- [What is needed]: Beneath this task are records; print exactly the stretch of them from the line with "X161798000Y-108712000D02*" through the line with "X161.798Y-108.712", both ends included.

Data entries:
::::::::::

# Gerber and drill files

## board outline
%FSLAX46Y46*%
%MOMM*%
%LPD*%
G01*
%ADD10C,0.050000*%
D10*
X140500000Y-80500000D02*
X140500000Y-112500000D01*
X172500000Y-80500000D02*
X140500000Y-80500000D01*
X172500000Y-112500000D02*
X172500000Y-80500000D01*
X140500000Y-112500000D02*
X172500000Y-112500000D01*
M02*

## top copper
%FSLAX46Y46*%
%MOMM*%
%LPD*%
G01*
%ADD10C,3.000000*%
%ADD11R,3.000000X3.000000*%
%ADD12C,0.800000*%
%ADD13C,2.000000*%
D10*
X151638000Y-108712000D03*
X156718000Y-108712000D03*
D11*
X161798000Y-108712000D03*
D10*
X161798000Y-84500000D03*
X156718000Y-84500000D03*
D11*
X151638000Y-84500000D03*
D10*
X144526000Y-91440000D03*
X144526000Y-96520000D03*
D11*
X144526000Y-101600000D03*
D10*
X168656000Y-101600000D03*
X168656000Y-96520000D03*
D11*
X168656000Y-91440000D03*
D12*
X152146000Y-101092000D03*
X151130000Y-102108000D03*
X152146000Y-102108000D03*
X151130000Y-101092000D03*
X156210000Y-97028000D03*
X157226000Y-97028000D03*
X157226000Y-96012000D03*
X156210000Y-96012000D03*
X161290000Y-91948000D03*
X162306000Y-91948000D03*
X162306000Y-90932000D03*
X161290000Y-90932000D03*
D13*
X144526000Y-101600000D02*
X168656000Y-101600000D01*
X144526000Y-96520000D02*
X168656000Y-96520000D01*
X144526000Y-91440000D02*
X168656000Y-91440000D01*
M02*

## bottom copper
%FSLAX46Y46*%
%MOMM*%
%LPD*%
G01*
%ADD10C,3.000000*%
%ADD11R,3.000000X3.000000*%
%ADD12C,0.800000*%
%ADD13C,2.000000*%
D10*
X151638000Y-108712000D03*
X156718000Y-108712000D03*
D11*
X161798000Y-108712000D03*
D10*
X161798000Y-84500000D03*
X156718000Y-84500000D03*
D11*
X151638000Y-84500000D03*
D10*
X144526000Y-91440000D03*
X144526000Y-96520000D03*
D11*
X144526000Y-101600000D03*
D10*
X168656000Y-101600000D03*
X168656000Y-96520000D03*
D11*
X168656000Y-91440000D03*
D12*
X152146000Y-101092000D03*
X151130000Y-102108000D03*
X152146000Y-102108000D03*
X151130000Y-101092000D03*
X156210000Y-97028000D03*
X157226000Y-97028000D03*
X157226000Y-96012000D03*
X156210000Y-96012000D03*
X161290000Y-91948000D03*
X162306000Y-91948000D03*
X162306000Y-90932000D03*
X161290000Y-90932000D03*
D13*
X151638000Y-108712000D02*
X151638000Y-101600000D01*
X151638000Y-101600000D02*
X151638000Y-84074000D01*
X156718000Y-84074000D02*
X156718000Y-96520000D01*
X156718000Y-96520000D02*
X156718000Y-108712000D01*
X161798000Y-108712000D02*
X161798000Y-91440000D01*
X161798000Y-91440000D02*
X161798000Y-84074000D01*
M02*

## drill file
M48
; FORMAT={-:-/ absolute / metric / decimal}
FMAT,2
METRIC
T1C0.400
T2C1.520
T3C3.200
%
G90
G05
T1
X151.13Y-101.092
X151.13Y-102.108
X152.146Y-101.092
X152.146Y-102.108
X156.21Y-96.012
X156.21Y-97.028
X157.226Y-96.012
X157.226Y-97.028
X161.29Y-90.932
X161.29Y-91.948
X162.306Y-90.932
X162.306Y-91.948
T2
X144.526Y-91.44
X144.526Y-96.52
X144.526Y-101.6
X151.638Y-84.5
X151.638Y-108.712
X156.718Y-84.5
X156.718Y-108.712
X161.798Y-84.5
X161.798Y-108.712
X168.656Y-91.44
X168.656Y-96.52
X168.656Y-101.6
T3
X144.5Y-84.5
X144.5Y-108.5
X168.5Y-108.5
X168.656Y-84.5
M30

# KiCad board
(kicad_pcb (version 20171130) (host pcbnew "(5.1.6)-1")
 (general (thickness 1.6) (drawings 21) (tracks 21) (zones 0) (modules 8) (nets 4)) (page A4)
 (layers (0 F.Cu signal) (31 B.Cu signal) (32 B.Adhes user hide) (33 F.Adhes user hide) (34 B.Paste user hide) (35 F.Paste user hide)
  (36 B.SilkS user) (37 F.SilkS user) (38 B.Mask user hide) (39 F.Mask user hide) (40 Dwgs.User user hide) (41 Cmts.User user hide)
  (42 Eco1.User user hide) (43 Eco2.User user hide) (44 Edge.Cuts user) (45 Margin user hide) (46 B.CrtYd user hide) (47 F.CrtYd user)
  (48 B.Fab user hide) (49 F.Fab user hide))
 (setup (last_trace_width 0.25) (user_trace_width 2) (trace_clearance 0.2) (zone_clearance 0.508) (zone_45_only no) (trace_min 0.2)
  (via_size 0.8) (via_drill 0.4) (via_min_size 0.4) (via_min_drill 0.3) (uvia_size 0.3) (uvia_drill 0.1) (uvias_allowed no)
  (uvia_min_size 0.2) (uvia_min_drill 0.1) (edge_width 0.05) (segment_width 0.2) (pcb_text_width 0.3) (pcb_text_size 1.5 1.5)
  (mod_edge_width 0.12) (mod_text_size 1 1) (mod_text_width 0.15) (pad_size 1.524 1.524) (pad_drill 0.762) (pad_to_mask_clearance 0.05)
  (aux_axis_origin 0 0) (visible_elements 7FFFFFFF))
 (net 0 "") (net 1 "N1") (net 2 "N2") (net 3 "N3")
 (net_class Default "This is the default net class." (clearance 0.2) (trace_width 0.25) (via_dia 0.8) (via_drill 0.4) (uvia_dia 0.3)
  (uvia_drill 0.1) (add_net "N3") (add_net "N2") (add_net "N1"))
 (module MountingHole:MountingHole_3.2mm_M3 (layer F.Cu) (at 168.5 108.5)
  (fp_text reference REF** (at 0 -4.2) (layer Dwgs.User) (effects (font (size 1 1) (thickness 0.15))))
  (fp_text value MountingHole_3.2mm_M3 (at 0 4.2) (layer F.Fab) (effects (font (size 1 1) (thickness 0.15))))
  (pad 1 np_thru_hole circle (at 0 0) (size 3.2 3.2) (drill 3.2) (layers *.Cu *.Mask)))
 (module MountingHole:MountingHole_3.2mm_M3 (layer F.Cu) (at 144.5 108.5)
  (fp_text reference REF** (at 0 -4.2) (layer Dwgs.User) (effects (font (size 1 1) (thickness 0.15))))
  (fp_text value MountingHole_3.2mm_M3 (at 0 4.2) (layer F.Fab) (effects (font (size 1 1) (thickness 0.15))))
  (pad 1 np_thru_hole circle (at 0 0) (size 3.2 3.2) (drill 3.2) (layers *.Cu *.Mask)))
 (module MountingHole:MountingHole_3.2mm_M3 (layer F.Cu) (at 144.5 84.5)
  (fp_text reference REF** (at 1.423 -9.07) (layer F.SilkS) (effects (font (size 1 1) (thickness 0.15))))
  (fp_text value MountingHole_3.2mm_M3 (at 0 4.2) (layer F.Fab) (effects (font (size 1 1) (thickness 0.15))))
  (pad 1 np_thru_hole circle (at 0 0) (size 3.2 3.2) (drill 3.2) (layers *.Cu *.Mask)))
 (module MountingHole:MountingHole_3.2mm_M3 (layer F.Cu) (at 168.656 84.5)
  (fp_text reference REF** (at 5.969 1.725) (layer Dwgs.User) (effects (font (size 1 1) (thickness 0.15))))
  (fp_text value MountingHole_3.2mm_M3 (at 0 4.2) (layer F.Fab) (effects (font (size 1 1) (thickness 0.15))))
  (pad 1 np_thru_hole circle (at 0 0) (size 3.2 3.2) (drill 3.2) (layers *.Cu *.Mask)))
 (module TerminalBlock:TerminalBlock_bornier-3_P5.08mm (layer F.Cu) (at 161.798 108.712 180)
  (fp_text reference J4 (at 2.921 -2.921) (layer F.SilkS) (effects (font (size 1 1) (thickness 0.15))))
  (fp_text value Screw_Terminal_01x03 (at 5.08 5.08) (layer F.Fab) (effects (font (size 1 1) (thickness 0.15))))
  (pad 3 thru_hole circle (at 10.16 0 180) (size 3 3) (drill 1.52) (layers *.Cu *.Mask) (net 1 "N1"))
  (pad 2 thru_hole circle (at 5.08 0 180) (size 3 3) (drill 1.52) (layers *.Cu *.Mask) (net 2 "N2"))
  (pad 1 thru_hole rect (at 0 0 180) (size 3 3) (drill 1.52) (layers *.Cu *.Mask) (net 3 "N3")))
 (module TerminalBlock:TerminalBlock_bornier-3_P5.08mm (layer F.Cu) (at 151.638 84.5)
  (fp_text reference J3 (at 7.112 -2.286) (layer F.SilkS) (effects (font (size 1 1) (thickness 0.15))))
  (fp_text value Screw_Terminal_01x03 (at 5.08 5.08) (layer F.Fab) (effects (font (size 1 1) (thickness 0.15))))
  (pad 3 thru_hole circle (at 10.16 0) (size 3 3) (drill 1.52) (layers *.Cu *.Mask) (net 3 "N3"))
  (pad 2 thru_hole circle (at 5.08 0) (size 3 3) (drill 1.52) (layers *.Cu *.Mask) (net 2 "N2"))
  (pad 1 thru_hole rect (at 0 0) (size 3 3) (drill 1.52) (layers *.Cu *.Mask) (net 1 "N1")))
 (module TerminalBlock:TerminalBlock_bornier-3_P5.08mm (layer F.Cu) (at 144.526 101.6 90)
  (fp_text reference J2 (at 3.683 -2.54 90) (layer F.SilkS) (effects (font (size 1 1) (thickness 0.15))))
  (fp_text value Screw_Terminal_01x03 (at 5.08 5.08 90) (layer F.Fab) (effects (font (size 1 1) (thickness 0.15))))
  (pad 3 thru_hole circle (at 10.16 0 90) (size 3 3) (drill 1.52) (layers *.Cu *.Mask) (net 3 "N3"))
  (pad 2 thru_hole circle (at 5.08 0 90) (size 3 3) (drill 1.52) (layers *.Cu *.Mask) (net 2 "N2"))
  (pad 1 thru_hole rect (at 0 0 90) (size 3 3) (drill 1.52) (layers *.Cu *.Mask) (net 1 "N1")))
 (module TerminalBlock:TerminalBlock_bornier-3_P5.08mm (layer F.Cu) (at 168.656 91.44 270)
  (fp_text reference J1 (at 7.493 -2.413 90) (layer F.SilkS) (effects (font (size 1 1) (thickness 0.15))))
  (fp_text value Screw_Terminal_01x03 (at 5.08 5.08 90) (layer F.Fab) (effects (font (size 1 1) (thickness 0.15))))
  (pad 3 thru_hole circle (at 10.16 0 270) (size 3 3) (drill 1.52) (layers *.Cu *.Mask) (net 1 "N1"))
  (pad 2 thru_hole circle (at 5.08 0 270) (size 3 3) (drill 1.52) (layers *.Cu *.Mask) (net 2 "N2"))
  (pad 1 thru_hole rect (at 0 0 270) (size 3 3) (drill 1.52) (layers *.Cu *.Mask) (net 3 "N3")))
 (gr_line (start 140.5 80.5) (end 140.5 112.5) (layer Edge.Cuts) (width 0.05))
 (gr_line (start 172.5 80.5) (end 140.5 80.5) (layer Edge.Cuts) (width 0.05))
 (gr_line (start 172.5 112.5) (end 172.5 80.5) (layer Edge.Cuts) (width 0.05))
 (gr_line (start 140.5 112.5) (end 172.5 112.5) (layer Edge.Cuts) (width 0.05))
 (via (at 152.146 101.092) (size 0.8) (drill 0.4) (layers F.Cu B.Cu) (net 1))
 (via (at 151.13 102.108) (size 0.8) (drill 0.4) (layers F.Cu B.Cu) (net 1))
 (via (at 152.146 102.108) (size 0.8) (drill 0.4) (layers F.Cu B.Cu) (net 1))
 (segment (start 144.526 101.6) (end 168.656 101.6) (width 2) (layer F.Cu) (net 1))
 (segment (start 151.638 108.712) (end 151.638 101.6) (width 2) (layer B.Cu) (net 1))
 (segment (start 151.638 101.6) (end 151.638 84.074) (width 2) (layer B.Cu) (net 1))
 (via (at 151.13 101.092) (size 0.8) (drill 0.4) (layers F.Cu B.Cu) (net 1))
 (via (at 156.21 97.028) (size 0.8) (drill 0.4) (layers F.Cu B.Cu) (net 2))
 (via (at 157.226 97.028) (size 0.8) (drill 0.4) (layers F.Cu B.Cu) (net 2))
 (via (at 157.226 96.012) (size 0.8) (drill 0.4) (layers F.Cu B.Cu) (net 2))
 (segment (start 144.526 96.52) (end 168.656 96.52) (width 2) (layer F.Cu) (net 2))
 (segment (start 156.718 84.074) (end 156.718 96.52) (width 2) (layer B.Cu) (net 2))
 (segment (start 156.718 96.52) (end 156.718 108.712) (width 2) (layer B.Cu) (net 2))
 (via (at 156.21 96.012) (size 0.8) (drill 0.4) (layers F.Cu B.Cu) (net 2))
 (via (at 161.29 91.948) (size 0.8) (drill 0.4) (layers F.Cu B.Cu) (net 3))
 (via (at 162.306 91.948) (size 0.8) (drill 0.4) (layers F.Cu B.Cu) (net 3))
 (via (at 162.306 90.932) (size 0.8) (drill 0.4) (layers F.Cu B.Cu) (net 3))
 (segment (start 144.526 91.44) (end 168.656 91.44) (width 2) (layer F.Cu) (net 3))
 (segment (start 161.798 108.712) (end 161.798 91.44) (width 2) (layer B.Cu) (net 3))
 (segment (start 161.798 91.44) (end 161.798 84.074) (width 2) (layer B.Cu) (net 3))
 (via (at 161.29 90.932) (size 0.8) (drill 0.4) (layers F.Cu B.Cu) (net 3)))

::::::::::

- [Solution to this problem]:
X161798000Y-108712000D02*
X161798000Y-91440000D01*
X161798000Y-91440000D02*
X161798000Y-84074000D01*
M02*

## drill file
M48
; FORMAT={-:-/ absolute / metric / decimal}
FMAT,2
METRIC
T1C0.400
T2C1.520
T3C3.200
%
G90
G05
T1
X151.13Y-101.092
X151.13Y-102.108
X152.146Y-101.092
X152.146Y-102.108
X156.21Y-96.012
X156.21Y-97.028
X157.226Y-96.012
X157.226Y-97.028
X161.29Y-90.932
X161.29Y-91.948
X162.306Y-90.932
X162.306Y-91.948
T2
X144.526Y-91.44
X144.526Y-96.52
X144.526Y-101.6
X151.638Y-84.5
X151.638Y-108.712
X156.718Y-84.5
X156.718Y-108.712
X161.798Y-84.5
X161.798Y-108.712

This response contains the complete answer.